(Beginning of RECORDS FOR THE TASK)

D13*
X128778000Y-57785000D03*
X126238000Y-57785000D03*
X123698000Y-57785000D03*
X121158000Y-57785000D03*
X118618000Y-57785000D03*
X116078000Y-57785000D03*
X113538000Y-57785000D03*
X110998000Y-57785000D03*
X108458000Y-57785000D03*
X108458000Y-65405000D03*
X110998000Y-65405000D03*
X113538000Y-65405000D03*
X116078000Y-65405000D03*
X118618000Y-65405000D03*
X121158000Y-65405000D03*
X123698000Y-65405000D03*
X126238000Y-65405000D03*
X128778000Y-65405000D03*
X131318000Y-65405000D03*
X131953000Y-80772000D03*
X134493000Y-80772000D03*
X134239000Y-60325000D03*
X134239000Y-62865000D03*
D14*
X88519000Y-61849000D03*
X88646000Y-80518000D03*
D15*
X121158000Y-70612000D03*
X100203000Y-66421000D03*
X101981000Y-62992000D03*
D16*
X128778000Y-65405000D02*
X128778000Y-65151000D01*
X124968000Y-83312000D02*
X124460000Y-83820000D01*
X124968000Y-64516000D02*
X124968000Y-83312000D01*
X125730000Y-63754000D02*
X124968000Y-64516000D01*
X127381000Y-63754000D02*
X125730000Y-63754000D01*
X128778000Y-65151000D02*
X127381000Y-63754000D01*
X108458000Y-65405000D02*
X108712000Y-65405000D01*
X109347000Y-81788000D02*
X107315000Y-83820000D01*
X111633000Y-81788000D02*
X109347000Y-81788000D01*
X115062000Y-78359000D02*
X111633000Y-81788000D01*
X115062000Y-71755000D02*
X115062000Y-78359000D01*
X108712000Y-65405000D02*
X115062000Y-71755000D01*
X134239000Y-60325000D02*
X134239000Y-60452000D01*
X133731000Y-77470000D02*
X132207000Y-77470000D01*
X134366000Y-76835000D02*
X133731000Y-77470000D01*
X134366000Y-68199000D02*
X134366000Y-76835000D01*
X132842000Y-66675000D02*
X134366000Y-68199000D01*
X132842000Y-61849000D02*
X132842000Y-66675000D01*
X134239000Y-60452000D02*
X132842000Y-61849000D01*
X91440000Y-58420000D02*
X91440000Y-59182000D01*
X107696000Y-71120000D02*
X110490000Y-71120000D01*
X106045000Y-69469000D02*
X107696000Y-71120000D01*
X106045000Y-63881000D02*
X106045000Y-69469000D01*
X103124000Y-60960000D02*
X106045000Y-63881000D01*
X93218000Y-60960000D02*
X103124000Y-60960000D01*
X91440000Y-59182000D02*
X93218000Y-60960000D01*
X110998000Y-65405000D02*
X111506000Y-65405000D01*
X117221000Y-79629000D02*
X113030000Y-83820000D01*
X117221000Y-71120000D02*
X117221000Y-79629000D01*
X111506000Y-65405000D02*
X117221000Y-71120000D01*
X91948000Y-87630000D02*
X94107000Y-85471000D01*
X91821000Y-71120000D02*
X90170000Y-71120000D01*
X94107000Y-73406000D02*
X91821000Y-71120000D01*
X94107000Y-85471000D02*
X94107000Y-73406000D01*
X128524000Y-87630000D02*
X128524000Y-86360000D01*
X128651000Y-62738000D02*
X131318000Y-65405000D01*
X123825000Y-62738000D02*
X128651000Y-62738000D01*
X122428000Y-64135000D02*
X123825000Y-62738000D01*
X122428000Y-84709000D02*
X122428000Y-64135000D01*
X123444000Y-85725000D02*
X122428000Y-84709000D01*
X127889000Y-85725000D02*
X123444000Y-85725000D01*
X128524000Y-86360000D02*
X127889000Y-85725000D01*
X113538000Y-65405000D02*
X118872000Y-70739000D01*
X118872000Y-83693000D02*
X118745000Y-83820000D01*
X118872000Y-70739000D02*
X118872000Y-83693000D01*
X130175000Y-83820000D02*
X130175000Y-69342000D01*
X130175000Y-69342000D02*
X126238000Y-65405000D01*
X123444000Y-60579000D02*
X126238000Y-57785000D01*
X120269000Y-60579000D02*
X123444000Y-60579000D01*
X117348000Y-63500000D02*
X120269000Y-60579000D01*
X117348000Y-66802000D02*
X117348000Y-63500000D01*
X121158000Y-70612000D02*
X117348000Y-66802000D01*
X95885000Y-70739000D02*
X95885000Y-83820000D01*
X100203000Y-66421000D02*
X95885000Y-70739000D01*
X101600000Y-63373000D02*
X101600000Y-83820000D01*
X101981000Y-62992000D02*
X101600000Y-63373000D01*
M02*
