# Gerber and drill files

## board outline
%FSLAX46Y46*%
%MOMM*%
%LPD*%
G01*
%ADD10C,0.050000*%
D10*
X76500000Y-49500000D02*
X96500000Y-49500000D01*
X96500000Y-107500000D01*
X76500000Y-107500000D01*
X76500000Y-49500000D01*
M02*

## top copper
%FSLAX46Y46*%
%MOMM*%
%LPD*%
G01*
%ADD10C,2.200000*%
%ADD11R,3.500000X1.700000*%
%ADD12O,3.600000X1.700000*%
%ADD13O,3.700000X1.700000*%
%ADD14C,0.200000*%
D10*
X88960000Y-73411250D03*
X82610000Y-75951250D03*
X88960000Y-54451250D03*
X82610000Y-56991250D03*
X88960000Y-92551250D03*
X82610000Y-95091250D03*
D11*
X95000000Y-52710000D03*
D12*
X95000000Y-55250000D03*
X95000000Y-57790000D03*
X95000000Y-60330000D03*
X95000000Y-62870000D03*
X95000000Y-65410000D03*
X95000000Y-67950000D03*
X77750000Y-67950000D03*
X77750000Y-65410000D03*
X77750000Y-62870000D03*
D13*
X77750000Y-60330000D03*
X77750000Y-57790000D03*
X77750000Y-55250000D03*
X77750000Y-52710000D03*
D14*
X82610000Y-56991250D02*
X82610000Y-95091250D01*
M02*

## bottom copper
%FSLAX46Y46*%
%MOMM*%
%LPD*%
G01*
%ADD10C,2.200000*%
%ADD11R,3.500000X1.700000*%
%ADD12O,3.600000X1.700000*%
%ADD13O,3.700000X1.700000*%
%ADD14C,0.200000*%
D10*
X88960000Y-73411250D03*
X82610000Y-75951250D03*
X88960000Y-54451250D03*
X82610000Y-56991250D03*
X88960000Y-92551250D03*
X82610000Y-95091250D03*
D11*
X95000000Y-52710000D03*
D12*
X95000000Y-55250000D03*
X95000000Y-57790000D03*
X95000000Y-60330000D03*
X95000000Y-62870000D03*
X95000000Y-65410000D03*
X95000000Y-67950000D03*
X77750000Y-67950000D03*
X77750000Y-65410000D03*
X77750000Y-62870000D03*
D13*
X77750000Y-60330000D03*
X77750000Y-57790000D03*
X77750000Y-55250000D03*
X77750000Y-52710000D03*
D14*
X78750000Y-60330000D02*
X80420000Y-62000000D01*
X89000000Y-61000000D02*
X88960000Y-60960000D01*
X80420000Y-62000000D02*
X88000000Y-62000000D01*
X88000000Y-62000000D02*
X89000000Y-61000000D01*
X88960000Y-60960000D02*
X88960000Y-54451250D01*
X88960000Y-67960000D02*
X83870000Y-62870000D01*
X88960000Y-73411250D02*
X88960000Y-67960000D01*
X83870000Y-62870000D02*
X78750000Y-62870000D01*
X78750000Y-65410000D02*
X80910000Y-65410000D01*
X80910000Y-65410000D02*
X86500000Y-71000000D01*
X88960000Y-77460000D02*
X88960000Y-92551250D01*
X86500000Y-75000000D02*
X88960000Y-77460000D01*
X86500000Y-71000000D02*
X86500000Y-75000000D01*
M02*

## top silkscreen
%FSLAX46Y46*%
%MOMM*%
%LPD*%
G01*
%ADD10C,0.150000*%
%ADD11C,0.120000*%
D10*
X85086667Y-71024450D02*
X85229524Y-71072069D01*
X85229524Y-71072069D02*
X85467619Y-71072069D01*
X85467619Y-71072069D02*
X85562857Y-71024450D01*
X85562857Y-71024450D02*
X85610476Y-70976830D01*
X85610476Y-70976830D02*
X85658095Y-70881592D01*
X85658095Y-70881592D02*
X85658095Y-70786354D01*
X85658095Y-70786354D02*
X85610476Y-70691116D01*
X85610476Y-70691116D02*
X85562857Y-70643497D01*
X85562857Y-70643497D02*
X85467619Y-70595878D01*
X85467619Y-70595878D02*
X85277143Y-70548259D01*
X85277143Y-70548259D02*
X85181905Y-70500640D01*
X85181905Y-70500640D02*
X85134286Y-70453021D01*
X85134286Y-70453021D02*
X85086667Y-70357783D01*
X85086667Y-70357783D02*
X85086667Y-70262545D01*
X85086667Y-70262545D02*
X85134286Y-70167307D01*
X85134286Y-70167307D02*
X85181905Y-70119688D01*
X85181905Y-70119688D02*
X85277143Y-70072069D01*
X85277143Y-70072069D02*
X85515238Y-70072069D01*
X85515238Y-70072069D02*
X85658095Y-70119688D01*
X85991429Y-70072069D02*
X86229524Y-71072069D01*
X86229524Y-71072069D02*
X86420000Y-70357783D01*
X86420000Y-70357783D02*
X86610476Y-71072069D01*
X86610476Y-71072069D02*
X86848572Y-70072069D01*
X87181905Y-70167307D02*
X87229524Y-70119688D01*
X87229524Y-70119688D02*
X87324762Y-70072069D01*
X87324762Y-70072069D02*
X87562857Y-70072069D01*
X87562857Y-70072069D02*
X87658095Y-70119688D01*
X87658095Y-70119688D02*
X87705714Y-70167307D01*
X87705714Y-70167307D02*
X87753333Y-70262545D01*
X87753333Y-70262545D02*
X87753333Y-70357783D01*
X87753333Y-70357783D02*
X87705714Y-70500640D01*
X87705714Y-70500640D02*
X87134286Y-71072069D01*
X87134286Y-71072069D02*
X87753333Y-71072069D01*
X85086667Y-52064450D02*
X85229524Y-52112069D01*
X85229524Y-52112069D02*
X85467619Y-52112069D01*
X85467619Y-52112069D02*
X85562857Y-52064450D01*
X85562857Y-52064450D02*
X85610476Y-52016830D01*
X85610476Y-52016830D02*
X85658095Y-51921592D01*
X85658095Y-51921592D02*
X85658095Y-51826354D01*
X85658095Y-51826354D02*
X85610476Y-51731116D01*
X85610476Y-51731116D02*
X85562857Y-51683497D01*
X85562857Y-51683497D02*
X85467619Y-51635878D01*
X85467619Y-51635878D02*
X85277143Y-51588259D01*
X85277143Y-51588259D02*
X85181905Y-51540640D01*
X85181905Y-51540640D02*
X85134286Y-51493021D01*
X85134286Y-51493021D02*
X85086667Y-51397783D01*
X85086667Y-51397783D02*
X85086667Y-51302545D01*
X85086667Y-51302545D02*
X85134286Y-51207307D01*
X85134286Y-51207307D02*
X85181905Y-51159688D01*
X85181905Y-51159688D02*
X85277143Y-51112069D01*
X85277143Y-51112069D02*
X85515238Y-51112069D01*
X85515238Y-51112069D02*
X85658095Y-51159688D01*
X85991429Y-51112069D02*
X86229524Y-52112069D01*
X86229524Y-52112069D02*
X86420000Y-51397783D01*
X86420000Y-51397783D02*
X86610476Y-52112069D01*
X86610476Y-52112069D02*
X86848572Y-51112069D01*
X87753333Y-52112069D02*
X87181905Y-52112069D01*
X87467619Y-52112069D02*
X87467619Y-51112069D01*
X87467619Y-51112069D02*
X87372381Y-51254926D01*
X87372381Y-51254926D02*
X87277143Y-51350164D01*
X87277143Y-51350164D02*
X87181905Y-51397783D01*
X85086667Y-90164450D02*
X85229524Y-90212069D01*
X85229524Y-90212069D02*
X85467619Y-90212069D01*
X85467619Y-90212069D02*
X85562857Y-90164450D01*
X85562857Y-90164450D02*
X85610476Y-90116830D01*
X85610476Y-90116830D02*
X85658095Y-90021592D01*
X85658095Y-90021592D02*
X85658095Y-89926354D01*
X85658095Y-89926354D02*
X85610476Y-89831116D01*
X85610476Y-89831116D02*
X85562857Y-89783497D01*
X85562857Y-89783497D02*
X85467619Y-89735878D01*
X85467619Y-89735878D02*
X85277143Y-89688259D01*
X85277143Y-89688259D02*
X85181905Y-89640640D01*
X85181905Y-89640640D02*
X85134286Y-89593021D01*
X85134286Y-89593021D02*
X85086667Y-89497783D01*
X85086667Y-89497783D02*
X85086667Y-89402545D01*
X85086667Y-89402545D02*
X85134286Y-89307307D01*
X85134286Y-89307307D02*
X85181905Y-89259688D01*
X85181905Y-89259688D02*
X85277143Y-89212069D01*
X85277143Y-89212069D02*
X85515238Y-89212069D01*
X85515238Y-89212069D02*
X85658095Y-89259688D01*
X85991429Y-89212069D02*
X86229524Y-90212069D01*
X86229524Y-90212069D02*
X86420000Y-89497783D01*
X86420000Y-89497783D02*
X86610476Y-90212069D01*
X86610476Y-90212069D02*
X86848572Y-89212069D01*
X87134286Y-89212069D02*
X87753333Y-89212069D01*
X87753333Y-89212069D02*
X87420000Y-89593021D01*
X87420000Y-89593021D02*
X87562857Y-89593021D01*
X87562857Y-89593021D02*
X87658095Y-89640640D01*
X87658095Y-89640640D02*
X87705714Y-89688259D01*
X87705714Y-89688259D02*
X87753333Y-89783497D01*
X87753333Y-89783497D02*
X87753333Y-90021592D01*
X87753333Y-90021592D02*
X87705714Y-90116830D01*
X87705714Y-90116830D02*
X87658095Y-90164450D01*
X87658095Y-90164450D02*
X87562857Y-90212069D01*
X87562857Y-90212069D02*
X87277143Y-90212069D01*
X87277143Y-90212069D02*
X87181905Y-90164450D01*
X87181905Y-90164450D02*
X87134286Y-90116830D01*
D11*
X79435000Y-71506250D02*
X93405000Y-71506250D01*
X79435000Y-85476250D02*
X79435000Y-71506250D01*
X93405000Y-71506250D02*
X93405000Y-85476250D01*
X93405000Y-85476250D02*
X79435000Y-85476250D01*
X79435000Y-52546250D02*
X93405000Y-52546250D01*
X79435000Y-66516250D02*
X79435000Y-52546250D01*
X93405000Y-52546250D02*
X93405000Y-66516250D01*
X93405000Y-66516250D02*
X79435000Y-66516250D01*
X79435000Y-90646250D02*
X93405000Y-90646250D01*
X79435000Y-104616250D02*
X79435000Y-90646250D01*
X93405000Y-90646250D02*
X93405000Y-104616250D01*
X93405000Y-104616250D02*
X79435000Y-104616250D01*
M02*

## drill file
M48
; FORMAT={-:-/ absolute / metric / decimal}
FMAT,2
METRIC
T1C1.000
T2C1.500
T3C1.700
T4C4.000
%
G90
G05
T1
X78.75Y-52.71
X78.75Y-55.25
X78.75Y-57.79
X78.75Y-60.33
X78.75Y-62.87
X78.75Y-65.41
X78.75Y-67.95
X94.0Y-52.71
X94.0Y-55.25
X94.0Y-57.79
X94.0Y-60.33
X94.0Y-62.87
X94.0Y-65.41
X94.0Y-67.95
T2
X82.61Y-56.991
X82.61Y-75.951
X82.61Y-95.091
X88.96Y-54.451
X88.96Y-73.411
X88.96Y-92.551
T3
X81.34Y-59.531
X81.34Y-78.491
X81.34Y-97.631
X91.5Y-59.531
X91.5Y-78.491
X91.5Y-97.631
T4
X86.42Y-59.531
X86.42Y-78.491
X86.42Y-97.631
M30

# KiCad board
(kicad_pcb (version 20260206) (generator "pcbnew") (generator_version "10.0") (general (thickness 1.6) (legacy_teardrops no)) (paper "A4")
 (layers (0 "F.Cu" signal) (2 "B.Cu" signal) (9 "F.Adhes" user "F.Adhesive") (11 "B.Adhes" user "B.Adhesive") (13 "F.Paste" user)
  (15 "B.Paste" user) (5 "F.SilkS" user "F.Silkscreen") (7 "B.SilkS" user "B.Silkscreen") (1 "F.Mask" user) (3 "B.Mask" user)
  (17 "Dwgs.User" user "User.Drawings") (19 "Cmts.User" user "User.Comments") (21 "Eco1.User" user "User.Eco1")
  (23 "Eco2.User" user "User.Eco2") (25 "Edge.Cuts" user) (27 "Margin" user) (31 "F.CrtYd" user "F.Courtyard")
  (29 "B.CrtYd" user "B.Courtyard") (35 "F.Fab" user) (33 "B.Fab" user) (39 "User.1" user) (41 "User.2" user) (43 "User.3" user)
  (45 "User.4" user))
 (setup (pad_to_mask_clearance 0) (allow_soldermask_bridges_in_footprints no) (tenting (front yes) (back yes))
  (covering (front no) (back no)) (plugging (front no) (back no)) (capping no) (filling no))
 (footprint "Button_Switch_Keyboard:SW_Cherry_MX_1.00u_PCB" (layer "F.Cu") (at 88.96 73.41125)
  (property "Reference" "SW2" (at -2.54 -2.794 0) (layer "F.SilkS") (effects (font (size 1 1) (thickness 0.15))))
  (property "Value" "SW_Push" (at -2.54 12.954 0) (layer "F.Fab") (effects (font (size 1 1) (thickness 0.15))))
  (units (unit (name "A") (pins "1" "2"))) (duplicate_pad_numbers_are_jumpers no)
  (fp_line (start -9.525 -1.905) (end 4.445 -1.905) (stroke (width 0.12) (type solid)) (layer "F.SilkS"))
  (fp_line (start -9.525 12.065) (end -9.525 -1.905) (stroke (width 0.12) (type solid)) (layer "F.SilkS"))
  (fp_line (start 4.445 -1.905) (end 4.445 12.065) (stroke (width 0.12) (type solid)) (layer "F.SilkS"))
  (fp_line (start 4.445 12.065) (end -9.525 12.065) (stroke (width 0.12) (type solid)) (layer "F.SilkS"))
  (pad "" np_thru_hole circle (at -7.62 5.08) (size 1.7 1.7) (drill 1.7) (layers "*.Cu" "*.Mask"))
  (pad "" np_thru_hole circle (at -2.54 5.08) (size 4 4) (drill 4) (layers "*.Cu" "*.Mask"))
  (pad "" np_thru_hole circle (at 2.54 5.08) (size 1.7 1.7) (drill 1.7) (layers "*.Cu" "*.Mask"))
  (pad "1" thru_hole circle (at 0 0) (size 2.2 2.2) (drill 1.5) (layers "*.Cu" "*.Mask") (remove_unused_layers no)
   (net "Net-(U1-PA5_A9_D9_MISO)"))
  (pad "2" thru_hole circle (at -6.35 2.54) (size 2.2 2.2) (drill 1.5) (layers "*.Cu" "*.Mask") (remove_unused_layers no) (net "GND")))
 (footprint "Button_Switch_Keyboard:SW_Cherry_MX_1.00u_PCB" (layer "F.Cu") (at 88.96 54.45125)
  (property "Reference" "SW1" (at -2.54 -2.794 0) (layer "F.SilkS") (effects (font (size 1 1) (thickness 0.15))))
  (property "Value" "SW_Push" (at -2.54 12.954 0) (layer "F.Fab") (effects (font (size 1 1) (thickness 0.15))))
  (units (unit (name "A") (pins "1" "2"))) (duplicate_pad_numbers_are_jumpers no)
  (fp_line (start -9.525 -1.905) (end 4.445 -1.905) (stroke (width 0.12) (type solid)) (layer "F.SilkS"))
  (fp_line (start -9.525 12.065) (end -9.525 -1.905) (stroke (width 0.12) (type solid)) (layer "F.SilkS"))
  (fp_line (start 4.445 -1.905) (end 4.445 12.065) (stroke (width 0.12) (type solid)) (layer "F.SilkS"))
  (fp_line (start 4.445 12.065) (end -9.525 12.065) (stroke (width 0.12) (type solid)) (layer "F.SilkS"))
  (pad "" np_thru_hole circle (at -7.62 5.08) (size 1.7 1.7) (drill 1.7) (layers "*.Cu" "*.Mask"))
  (pad "" np_thru_hole circle (at -2.54 5.08) (size 4 4) (drill 4) (layers "*.Cu" "*.Mask"))
  (pad "" np_thru_hole circle (at 2.54 5.08) (size 1.7 1.7) (drill 1.7) (layers "*.Cu" "*.Mask"))
  (pad "1" thru_hole circle (at 0 0) (size 2.2 2.2) (drill 1.5) (layers "*.Cu" "*.Mask") (remove_unused_layers no)
   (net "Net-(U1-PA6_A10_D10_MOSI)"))
  (pad "2" thru_hole circle (at -6.35 2.54) (size 2.2 2.2) (drill 1.5) (layers "*.Cu" "*.Mask") (remove_unused_layers no) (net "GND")))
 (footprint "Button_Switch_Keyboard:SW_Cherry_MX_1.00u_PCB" (layer "F.Cu") (at 88.96 92.55125)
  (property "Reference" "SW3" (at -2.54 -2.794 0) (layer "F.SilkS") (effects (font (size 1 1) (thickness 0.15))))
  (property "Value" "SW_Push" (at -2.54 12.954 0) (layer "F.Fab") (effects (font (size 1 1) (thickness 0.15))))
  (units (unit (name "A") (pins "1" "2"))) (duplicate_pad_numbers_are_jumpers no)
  (fp_line (start -9.525 -1.905) (end 4.445 -1.905) (stroke (width 0.12) (type solid)) (layer "F.SilkS"))
  (fp_line (start -9.525 12.065) (end -9.525 -1.905) (stroke (width 0.12) (type solid)) (layer "F.SilkS"))
  (fp_line (start 4.445 -1.905) (end 4.445 12.065) (stroke (width 0.12) (type solid)) (layer "F.SilkS"))
  (fp_line (start 4.445 12.065) (end -9.525 12.065) (stroke (width 0.12) (type solid)) (layer "F.SilkS"))
  (pad "" np_thru_hole circle (at -7.62 5.08) (size 1.7 1.7) (drill 1.7) (layers "*.Cu" "*.Mask"))
  (pad "" np_thru_hole circle (at -2.54 5.08) (size 4 4) (drill 4) (layers "*.Cu" "*.Mask"))
  (pad "" np_thru_hole circle (at 2.54 5.08) (size 1.7 1.7) (drill 1.7) (layers "*.Cu" "*.Mask"))
  (pad "1" thru_hole circle (at 0 0) (size 2.2 2.2) (drill 1.5) (layers "*.Cu" "*.Mask") (remove_unused_layers no)
   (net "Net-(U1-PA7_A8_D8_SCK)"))
  (pad "2" thru_hole circle (at -6.35 2.54) (size 2.2 2.2) (drill 1.5) (layers "*.Cu" "*.Mask") (remove_unused_layers no) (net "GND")))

(End of RECORDS FOR THE TASK)

Which lines above run from the one containing "X130175000Y-83820000D02*" to the one containing "X95885000Y-83820000D01*"? Give them again exactly, both ends included.

# RESPONSE
X130175000Y-83820000D02*
X130175000Y-69342000D01*
X130175000Y-69342000D02*
X126238000Y-65405000D01*
X123444000Y-60579000D02*
X126238000Y-57785000D01*
X120269000Y-60579000D02*
X123444000Y-60579000D01*
X117348000Y-63500000D02*
X120269000Y-60579000D01*
X117348000Y-66802000D02*
X117348000Y-63500000D01*
X121158000Y-70612000D02*
X117348000Y-66802000D01*
X95885000Y-70739000D02*
X95885000Y-83820000D01*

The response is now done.